• [Recorded information]:
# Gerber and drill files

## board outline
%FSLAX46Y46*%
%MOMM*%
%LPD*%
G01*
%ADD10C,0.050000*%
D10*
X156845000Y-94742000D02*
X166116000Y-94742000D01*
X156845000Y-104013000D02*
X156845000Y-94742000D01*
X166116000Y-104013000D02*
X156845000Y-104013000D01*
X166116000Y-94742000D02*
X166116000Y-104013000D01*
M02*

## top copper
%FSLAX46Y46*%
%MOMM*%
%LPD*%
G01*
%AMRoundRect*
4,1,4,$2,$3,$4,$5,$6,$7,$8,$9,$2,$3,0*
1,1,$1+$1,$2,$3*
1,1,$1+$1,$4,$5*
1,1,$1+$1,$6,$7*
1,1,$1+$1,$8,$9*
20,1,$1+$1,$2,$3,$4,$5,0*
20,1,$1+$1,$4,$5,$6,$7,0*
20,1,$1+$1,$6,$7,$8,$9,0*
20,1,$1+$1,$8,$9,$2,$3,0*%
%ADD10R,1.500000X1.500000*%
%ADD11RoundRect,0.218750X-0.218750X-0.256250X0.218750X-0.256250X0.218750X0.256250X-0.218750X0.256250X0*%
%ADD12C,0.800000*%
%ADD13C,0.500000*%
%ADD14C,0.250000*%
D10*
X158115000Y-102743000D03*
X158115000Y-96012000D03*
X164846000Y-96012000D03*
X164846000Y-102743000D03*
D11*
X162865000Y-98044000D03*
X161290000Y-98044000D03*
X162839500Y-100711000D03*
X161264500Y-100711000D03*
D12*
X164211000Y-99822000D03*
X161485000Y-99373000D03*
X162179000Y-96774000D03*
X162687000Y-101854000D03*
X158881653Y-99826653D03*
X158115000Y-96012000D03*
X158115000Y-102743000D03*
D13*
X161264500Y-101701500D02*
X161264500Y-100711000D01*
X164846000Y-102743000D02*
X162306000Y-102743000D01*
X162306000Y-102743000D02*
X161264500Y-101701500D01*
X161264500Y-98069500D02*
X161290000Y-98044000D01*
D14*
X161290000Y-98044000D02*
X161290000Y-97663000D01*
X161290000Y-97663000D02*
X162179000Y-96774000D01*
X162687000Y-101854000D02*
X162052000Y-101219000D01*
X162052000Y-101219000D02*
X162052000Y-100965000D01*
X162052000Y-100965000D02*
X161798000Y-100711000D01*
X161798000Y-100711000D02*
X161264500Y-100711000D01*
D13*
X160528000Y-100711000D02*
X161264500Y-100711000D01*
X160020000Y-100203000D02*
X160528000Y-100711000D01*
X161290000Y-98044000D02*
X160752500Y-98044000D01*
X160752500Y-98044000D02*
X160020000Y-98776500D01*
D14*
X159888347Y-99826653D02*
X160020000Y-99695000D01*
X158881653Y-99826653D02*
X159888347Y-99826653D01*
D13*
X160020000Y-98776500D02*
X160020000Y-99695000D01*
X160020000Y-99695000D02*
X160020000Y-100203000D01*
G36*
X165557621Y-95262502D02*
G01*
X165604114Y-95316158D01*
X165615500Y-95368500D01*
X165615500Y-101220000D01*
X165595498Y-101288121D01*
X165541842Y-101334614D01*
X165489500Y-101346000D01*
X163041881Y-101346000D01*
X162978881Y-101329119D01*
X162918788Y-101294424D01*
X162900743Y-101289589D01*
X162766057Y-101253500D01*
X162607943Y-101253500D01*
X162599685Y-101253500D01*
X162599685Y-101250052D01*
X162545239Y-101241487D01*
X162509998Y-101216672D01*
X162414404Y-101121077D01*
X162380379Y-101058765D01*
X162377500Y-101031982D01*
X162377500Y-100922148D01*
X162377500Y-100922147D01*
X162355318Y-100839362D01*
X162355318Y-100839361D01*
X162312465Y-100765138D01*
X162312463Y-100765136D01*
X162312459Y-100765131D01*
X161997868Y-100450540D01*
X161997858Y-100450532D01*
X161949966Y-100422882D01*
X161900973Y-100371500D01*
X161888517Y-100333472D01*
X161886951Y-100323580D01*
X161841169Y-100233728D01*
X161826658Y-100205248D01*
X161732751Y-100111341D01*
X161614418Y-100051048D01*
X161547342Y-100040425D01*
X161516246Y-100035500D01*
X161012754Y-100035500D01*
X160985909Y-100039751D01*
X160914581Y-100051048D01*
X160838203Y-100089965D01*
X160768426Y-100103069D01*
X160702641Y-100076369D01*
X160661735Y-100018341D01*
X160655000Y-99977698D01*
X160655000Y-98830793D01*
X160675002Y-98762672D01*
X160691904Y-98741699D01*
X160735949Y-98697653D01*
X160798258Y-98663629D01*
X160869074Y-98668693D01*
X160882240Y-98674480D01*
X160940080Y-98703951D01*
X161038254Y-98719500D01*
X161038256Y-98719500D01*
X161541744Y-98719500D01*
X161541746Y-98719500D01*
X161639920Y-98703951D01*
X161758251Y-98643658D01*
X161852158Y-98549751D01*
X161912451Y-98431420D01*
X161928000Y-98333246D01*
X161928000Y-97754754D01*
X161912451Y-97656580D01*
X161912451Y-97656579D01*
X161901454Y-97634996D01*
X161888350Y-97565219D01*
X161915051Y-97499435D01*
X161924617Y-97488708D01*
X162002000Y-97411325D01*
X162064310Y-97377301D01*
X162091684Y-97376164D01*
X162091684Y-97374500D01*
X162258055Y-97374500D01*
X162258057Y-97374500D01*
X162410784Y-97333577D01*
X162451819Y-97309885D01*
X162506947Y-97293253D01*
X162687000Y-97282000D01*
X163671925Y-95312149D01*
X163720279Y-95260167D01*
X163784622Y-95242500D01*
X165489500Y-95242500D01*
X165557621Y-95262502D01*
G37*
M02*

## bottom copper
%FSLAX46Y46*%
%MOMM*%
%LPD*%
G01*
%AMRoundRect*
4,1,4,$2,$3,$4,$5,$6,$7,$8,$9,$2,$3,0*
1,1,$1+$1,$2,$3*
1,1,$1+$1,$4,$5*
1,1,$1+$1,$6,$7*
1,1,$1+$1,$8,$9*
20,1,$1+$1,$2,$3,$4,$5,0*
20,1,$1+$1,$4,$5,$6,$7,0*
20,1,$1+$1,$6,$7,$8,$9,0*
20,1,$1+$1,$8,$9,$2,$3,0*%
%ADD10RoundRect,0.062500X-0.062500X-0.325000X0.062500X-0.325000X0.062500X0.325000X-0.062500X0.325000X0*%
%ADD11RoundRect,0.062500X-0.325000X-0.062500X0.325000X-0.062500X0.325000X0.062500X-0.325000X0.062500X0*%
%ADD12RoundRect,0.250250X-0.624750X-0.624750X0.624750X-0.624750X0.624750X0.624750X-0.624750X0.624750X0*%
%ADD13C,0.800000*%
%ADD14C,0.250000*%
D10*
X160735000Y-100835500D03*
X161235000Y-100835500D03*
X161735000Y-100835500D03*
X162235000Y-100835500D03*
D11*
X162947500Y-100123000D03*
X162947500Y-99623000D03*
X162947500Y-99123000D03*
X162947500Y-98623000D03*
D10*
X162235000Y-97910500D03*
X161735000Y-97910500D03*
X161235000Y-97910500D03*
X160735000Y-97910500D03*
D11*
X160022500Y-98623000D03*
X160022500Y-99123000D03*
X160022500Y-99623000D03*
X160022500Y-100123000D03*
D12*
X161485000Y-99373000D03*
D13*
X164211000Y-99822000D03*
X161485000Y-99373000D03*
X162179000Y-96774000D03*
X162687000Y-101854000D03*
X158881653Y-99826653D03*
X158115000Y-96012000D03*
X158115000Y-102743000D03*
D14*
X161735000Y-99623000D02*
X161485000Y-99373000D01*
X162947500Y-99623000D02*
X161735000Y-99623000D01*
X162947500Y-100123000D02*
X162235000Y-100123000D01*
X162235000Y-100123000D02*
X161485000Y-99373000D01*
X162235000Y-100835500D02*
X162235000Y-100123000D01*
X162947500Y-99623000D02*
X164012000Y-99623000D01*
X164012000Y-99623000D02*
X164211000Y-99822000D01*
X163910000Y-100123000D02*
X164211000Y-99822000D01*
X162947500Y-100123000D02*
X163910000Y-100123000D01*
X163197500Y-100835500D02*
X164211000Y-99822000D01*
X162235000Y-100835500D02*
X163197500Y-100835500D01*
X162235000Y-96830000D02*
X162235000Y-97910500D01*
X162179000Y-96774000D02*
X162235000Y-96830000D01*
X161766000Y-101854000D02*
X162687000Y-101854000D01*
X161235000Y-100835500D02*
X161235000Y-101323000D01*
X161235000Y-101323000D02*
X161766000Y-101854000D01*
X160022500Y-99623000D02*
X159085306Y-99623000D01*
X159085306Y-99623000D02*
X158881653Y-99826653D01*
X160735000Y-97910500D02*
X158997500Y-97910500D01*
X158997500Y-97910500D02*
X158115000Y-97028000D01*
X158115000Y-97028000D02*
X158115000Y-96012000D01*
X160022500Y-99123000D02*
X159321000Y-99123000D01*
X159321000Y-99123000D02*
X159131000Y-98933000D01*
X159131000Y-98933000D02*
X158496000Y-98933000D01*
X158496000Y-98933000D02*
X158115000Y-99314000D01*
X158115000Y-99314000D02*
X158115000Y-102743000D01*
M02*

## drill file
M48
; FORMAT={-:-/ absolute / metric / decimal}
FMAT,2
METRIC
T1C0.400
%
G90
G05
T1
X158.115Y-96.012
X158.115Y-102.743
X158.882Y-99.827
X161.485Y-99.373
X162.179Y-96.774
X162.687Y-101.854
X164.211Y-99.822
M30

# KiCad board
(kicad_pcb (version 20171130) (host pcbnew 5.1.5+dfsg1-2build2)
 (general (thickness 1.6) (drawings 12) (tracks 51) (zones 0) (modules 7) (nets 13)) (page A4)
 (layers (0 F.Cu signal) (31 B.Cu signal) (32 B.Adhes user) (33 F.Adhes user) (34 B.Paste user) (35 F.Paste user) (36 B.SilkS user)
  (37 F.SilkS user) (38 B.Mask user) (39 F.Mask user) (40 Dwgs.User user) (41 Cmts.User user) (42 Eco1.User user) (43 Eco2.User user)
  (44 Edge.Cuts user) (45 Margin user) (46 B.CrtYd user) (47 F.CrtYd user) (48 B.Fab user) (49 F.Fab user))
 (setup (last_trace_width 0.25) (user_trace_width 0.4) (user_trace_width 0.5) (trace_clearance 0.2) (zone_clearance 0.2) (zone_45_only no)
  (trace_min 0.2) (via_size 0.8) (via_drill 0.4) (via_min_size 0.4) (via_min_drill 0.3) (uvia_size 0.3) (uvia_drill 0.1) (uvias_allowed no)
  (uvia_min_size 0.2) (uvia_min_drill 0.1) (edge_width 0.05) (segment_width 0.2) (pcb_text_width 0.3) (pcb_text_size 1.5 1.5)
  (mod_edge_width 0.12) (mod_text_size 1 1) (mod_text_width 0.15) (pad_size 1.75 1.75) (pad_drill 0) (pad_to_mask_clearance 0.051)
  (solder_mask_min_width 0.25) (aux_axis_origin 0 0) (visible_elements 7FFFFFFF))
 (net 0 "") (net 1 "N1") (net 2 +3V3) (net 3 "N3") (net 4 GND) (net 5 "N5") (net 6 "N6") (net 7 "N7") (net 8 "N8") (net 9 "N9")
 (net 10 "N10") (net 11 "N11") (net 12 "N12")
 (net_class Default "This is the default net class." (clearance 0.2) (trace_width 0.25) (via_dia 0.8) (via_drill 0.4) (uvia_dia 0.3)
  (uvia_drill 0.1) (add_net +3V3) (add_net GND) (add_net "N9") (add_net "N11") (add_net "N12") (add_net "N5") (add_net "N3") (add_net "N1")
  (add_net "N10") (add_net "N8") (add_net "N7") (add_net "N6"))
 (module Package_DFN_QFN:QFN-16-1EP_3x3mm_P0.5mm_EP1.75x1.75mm (layer B.Cu) (at 161.485 99.373)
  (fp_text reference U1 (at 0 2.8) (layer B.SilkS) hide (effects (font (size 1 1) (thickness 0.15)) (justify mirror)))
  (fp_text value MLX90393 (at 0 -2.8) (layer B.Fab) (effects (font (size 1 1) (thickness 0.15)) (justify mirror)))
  (pad 16 smd roundrect (at -0.75 1.4625) (size 0.25 0.775) (layers B.Cu B.Paste B.Mask) (roundrect_rratio 0.25) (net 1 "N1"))
  (pad 15 smd roundrect (at -0.25 1.4625) (size 0.25 0.775) (layers B.Cu B.Paste B.Mask) (roundrect_rratio 0.25) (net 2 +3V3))
  (pad 14 smd roundrect (at 0.25 1.4625) (size 0.25 0.775) (layers B.Cu B.Paste B.Mask) (roundrect_rratio 0.25) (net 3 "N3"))
  (pad 13 smd roundrect (at 0.75 1.4625) (size 0.25 0.775) (layers B.Cu B.Paste B.Mask) (roundrect_rratio 0.25) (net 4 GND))
  (pad 12 smd roundrect (at 1.4625 0.75) (size 0.775 0.25) (layers B.Cu B.Paste B.Mask) (roundrect_rratio 0.25) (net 4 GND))
  (pad 11 smd roundrect (at 1.4625 0.25) (size 0.775 0.25) (layers B.Cu B.Paste B.Mask) (roundrect_rratio 0.25) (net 4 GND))
  (pad 10 smd roundrect (at 1.4625 -0.25) (size 0.775 0.25) (layers B.Cu B.Paste B.Mask) (roundrect_rratio 0.25) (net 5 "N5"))
  (pad 9 smd roundrect (at 1.4625 -0.75) (size 0.775 0.25) (layers B.Cu B.Paste B.Mask) (roundrect_rratio 0.25) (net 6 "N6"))
  (pad 8 smd roundrect (at 0.75 -1.4625) (size 0.25 0.775) (layers B.Cu B.Paste B.Mask) (roundrect_rratio 0.25) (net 2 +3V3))
  (pad 7 smd roundrect (at 0.25 -1.4625) (size 0.25 0.775) (layers B.Cu B.Paste B.Mask) (roundrect_rratio 0.25) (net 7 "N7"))
  (pad 6 smd roundrect (at -0.25 -1.4625) (size 0.25 0.775) (layers B.Cu B.Paste B.Mask) (roundrect_rratio 0.25) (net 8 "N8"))
  (pad 5 smd roundrect (at -0.75 -1.4625) (size 0.25 0.775) (layers B.Cu B.Paste B.Mask) (roundrect_rratio 0.25) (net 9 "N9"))
  (pad 4 smd roundrect (at -1.4625 -0.75) (size 0.775 0.25) (layers B.Cu B.Paste B.Mask) (roundrect_rratio 0.25) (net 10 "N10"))
  (pad 3 smd roundrect (at -1.4625 -0.25) (size 0.775 0.25) (layers B.Cu B.Paste B.Mask) (roundrect_rratio 0.25) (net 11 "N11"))
  (pad 2 smd roundrect (at -1.4625 0.25) (size 0.775 0.25) (layers B.Cu B.Paste B.Mask) (roundrect_rratio 0.25) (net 2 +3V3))
  (pad 1 smd roundrect (at -1.4625 0.75) (size 0.775 0.25) (layers B.Cu B.Paste B.Mask) (roundrect_rratio 0.25) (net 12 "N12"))
  (pad "" smd roundrect (at 0.44 -0.44) (size 0.71 0.71) (layers B.Paste) (roundrect_rratio 0.25))
  (pad "" smd roundrect (at 0.44 0.44) (size 0.71 0.71) (layers B.Paste) (roundrect_rratio 0.25))
  (pad "" smd roundrect (at -0.44 -0.44) (size 0.71 0.71) (layers B.Paste) (roundrect_rratio 0.25))
  (pad "" smd roundrect (at -0.44 0.44) (size 0.71 0.71) (layers B.Paste) (roundrect_rratio 0.25))
  (pad 17 smd roundrect (at 0 0) (size 1.75 1.75) (layers B.Cu B.Mask) (roundrect_rratio 0.143) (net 4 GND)))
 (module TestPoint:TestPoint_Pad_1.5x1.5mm (layer F.Cu) (at 158.115 102.743)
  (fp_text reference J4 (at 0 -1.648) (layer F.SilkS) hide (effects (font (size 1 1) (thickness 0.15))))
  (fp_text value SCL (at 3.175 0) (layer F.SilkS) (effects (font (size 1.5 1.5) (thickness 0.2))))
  (pad 1 smd rect (at 0 0) (size 1.5 1.5) (layers F.Cu F.Mask) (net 11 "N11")))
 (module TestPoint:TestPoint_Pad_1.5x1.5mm (layer F.Cu) (at 158.115 96.012)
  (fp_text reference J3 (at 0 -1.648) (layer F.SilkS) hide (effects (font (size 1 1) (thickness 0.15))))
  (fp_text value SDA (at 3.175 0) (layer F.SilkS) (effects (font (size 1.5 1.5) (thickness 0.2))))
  (pad 1 smd rect (at 0 0) (size 1.5 1.5) (layers F.Cu F.Mask) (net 9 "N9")))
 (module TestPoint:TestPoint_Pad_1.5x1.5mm (layer F.Cu) (at 164.846 96.012)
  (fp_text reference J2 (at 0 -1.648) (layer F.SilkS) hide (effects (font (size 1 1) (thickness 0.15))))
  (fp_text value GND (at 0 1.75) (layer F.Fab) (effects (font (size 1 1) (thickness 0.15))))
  (pad 1 smd rect (at 0 0) (size 1.5 1.5) (layers F.Cu F.Mask) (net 4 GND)))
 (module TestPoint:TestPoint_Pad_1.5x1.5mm (layer F.Cu) (at 164.846 102.743)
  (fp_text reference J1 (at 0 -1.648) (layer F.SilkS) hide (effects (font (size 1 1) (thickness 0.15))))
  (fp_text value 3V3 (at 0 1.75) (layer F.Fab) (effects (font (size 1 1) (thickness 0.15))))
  (pad 1 smd rect (at 0 0) (size 1.5 1.5) (layers F.Cu F.Mask) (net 2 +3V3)))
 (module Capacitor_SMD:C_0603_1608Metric (layer F.Cu) (at 162.0775 98.044)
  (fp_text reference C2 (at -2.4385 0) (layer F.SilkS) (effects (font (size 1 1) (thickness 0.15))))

• [Task]:
Could you return exactly the stretch of the data above that starts at the line with "X160661735Y-100018341D01*" and ends at the line with "X160735000Y-100835500D03*", both lines included?

• [Output below]:
X160661735Y-100018341D01*
X160655000Y-99977698D01*
X160655000Y-98830793D01*
X160675002Y-98762672D01*
X160691904Y-98741699D01*
X160735949Y-98697653D01*
X160798258Y-98663629D01*
X160869074Y-98668693D01*
X160882240Y-98674480D01*
X160940080Y-98703951D01*
X161038254Y-98719500D01*
X161038256Y-98719500D01*
X161541744Y-98719500D01*
X161541746Y-98719500D01*
X161639920Y-98703951D01*
X161758251Y-98643658D01*
X161852158Y-98549751D01*
X161912451Y-98431420D01*
X161928000Y-98333246D01*
X161928000Y-97754754D01*
X161912451Y-97656580D01*
X161912451Y-97656579D01*
X161901454Y-97634996D01*
X161888350Y-97565219D01*
X161915051Y-97499435D01*
X161924617Y-97488708D01*
X162002000Y-97411325D01*
X162064310Y-97377301D01*
X162091684Y-97376164D01*
X162091684Y-97374500D01*
X162258055Y-97374500D01*
X162258057Y-97374500D01*
X162410784Y-97333577D01*
X162451819Y-97309885D01*
X162506947Y-97293253D01*
X162687000Y-97282000D01*
X163671925Y-95312149D01*
X163720279Y-95260167D01*
X163784622Y-95242500D01*
X165489500Y-95242500D01*
X165557621Y-95262502D01*
G37*
M02*

## bottom copper
%FSLAX46Y46*%
%MOMM*%
%LPD*%
G01*
%AMRoundRect*
4,1,4,$2,$3,$4,$5,$6,$7,$8,$9,$2,$3,0*
1,1,$1+$1,$2,$3*
1,1,$1+$1,$4,$5*
1,1,$1+$1,$6,$7*
1,1,$1+$1,$8,$9*
20,1,$1+$1,$2,$3,$4,$5,0*
20,1,$1+$1,$4,$5,$6,$7,0*
20,1,$1+$1,$6,$7,$8,$9,0*
20,1,$1+$1,$8,$9,$2,$3,0*%
%ADD10RoundRect,0.062500X-0.062500X-0.325000X0.062500X-0.325000X0.062500X0.325000X-0.062500X0.325000X0*%
%ADD11RoundRect,0.062500X-0.325000X-0.062500X0.325000X-0.062500X0.325000X0.062500X-0.325000X0.062500X0*%
%ADD12RoundRect,0.250250X-0.624750X-0.624750X0.624750X-0.624750X0.624750X0.624750X-0.624750X0.624750X0*%
%ADD13C,0.800000*%
%ADD14C,0.250000*%
D10*
X160735000Y-100835500D03*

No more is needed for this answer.